For another example, because rules need time and cognitive resources to be evaluated and adjusted based on feedback, RB learning but not II learning should be impaired if the amount of time to process the feedback signal is limited. This dissociation was confirmed in humans by Maddox et al., (2004). Showing this dissociation in nonhuman primates would suggest that they also process deliberately and cognitively the feedback given on training trials. It might indicate that they, like humans, are engaged in the hypothesis-testing and hypothesis-replacing processes that are the crucial components of explicit, rule-based categorization. In our view, the RB-II framework lays the groundwork for important future lines of research on animals' reflective minds and their capacities for declarative cognition.

8.5. Conclusion

The application of the RB-II dissociative framework across species is an example of the synergy that can arise among cognitive psychology, neuroscience, and comparative psychology. It is remarkable that this theoretical framework, born within human cognitive psychology and cognitive neuroscience, appears suddenly poised to open new empirical windows on the minds of many species. In return, those windows seem likely to illuminate the evolutionary roots and shoots of the stem categorization system from which that of humans and the primates emerged.

Appendix.

This appendix summarizes the models referred to in the test and also describes the model-fitting procedures. For more details, see Maddox and Ashby (1993).

Rule-based model

The rule-based model assumes that the participant sets a decision criterion on one stimulus dimension (either bar frequency or orientation). The outcome of modeling is to specify the vertical or horizontal line drawn through the stimulus space that would best partition the participant's Category A responses from his or her Category B responses. This model has two parameters: a criterion value on the relevant dimension and a perceptual noise variance.

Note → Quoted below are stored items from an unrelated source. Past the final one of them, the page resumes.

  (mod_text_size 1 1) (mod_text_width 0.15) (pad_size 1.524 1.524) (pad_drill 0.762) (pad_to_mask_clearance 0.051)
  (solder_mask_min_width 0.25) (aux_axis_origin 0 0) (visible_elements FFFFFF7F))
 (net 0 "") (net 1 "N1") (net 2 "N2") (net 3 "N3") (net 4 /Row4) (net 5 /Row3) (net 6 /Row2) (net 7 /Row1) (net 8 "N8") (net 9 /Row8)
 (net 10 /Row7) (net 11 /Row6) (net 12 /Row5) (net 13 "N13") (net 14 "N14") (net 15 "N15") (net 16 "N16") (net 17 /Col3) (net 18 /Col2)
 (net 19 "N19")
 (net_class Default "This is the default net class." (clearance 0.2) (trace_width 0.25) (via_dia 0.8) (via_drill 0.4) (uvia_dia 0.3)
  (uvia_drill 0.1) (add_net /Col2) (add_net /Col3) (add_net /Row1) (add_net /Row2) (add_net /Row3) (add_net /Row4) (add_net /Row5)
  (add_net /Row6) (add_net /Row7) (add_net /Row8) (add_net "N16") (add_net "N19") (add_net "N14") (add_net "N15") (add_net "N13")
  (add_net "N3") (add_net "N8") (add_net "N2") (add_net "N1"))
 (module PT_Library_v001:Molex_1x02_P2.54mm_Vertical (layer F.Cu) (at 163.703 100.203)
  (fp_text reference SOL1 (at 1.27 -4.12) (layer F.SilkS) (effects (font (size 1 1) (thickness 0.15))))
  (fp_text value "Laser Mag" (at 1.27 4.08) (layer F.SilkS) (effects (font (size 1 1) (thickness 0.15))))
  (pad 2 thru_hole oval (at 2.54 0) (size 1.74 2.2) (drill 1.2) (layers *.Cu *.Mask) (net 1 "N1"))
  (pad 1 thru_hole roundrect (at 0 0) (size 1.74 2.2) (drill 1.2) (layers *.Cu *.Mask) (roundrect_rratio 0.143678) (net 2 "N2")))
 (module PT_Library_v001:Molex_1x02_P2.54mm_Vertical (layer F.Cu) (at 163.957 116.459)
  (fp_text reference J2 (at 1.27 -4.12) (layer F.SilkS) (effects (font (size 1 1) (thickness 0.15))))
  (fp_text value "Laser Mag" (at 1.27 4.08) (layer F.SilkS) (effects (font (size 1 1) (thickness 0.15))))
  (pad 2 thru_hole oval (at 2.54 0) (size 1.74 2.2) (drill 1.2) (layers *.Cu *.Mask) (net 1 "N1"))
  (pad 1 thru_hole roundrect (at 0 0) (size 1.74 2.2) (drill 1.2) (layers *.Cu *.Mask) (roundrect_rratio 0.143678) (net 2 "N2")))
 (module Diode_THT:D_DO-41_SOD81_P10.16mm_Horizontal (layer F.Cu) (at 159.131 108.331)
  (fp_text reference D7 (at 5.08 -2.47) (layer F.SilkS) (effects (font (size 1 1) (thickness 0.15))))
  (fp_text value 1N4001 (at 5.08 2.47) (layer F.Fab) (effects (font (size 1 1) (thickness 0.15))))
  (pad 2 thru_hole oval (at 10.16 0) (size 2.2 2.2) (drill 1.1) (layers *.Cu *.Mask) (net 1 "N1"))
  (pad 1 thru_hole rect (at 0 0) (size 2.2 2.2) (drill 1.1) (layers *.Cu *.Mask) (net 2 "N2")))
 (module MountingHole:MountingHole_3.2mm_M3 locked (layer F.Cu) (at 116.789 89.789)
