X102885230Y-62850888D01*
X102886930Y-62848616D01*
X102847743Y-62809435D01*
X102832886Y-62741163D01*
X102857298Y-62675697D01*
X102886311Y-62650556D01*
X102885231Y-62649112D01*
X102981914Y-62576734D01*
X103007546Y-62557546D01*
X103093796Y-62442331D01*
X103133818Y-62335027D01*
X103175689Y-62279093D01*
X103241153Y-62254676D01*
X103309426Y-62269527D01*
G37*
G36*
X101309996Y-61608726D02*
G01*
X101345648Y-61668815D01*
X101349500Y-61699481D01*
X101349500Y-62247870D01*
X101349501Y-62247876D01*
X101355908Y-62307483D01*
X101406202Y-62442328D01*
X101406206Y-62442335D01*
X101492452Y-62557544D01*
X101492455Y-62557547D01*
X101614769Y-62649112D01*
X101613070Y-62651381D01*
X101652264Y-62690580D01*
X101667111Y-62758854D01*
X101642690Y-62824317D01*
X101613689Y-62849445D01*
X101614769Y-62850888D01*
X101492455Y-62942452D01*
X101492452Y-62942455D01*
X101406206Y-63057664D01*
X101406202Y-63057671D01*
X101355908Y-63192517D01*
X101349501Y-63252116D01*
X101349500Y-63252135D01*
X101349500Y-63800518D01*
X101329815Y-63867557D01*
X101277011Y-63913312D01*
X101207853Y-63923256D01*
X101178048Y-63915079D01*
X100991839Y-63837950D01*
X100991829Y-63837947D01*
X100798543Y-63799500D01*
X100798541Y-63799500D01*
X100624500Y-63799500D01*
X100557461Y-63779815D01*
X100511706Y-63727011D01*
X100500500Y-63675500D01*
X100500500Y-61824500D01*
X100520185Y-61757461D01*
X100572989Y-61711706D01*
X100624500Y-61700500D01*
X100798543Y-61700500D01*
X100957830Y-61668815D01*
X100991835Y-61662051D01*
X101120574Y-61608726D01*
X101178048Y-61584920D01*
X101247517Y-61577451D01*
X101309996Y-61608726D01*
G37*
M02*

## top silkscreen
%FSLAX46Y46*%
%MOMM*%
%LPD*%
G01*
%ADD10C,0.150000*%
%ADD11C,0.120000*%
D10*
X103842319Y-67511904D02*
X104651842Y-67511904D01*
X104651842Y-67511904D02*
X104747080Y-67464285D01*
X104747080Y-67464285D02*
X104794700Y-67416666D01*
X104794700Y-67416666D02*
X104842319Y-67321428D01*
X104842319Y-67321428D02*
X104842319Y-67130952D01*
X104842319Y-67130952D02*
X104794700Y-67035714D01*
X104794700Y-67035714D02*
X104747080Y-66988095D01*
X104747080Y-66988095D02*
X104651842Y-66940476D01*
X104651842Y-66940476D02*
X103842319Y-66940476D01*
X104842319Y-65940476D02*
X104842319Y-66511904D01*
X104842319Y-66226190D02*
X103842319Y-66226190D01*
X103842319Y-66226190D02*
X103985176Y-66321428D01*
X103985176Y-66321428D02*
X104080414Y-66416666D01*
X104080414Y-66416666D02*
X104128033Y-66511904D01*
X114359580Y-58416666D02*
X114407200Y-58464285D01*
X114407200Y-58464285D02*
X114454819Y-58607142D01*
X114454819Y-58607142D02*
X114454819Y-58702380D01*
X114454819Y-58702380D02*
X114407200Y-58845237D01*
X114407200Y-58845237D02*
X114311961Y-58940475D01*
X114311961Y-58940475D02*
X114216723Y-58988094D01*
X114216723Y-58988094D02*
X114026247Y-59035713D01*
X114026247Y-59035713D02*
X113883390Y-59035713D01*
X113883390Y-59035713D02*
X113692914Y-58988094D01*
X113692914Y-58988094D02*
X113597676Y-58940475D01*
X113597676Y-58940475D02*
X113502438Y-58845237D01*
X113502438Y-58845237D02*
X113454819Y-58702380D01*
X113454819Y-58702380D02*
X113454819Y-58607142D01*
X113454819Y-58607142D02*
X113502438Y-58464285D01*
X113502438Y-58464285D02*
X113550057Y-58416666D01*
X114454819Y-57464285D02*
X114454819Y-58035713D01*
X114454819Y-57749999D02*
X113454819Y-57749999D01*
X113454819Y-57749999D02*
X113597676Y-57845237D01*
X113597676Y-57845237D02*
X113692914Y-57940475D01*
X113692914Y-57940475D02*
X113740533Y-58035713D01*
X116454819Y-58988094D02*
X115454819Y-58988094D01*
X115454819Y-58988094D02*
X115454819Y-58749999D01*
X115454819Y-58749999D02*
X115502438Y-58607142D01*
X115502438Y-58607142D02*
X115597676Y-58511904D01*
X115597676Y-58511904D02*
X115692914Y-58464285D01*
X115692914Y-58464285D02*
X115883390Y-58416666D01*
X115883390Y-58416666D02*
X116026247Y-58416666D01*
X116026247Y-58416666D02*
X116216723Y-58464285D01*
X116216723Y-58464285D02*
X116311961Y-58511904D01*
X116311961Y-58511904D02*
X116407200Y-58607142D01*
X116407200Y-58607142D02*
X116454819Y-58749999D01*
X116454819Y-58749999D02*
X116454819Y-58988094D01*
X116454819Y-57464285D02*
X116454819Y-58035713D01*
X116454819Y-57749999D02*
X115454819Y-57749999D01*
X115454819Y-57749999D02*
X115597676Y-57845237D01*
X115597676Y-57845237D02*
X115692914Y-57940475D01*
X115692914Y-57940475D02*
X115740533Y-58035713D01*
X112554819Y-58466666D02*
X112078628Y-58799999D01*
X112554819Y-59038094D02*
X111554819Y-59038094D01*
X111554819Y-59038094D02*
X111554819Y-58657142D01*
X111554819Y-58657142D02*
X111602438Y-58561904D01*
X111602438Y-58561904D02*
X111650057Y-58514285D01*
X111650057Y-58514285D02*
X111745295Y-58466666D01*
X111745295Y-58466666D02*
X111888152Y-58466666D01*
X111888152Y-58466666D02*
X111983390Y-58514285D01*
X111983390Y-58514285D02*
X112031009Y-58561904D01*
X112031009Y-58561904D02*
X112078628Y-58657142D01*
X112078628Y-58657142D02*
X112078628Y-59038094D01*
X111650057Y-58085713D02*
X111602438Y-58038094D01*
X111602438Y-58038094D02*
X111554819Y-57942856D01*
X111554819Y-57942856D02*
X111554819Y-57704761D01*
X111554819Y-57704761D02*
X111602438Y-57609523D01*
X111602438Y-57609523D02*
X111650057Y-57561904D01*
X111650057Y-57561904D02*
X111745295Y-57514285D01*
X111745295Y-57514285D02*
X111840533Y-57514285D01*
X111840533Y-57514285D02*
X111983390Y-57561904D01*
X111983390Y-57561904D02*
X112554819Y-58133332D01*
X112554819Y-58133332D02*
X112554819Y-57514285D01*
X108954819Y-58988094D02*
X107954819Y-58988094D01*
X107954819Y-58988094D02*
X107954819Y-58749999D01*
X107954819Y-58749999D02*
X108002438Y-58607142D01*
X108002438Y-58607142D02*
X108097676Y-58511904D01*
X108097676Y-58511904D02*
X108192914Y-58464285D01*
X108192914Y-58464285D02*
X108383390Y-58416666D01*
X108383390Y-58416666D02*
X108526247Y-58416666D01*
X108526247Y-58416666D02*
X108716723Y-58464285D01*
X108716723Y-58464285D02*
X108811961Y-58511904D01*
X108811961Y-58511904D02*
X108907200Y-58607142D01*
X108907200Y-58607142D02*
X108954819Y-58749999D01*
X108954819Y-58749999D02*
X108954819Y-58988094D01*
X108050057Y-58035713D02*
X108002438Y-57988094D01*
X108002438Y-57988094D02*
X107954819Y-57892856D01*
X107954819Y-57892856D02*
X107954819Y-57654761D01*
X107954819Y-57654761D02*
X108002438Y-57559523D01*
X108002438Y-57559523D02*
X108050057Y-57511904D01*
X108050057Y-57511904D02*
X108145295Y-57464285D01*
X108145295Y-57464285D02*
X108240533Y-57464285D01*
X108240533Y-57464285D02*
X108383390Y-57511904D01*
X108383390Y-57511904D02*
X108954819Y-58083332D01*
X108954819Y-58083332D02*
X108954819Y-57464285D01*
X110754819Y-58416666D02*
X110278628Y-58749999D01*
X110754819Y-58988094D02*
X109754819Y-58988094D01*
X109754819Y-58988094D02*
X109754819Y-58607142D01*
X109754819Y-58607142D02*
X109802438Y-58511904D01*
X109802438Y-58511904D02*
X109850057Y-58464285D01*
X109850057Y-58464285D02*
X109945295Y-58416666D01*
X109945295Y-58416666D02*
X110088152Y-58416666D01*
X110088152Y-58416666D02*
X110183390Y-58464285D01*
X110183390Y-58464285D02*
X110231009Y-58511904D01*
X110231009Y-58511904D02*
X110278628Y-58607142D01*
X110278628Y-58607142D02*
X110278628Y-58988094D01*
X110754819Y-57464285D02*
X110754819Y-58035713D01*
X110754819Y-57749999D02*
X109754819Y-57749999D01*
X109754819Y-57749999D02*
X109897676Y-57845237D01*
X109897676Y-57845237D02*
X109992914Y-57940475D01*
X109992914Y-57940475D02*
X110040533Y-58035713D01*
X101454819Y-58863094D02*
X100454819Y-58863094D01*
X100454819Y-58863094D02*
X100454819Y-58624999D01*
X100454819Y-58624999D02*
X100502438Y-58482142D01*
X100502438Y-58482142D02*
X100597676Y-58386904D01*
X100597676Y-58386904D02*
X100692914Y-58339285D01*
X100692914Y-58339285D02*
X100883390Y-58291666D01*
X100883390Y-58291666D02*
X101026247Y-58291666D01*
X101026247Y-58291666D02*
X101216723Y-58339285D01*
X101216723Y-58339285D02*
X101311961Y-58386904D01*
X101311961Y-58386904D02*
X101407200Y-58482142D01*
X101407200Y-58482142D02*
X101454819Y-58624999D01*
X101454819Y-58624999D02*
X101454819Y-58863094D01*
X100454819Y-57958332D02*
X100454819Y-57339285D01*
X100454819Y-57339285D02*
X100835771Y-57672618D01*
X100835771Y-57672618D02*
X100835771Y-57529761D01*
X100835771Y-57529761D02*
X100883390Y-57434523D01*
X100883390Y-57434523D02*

Information-integration model

The information-integration model assumes that the participant sets a linear decision bound that can have any slope and intercept. The outcome of modeling is to specify the line drawn through the stimulus space, of any slope and intercept, that would best partition the participant's Category A responses and Category B responses. This model had 3 parameters: the slope and intercept of the linear decision bound and a perceptual noise variance.

Model selection

The procedures for selecting the best-fitting model were as follows. Parameters were estimated using the method of maximum likelihood. That is, modeling evaluated which model would, with maximum likelihood, have created the distribution within the stimulus space of Category A and Category B responses that the participant actually produced. Then the Bayesian Information Criterion (Schwarz, 1978) determined model selection: Bayesian Information Criterion = r lnN – 2 lnL, where r is the number of free parameters, N is the sample size, and L is the likelihood of the model given the data.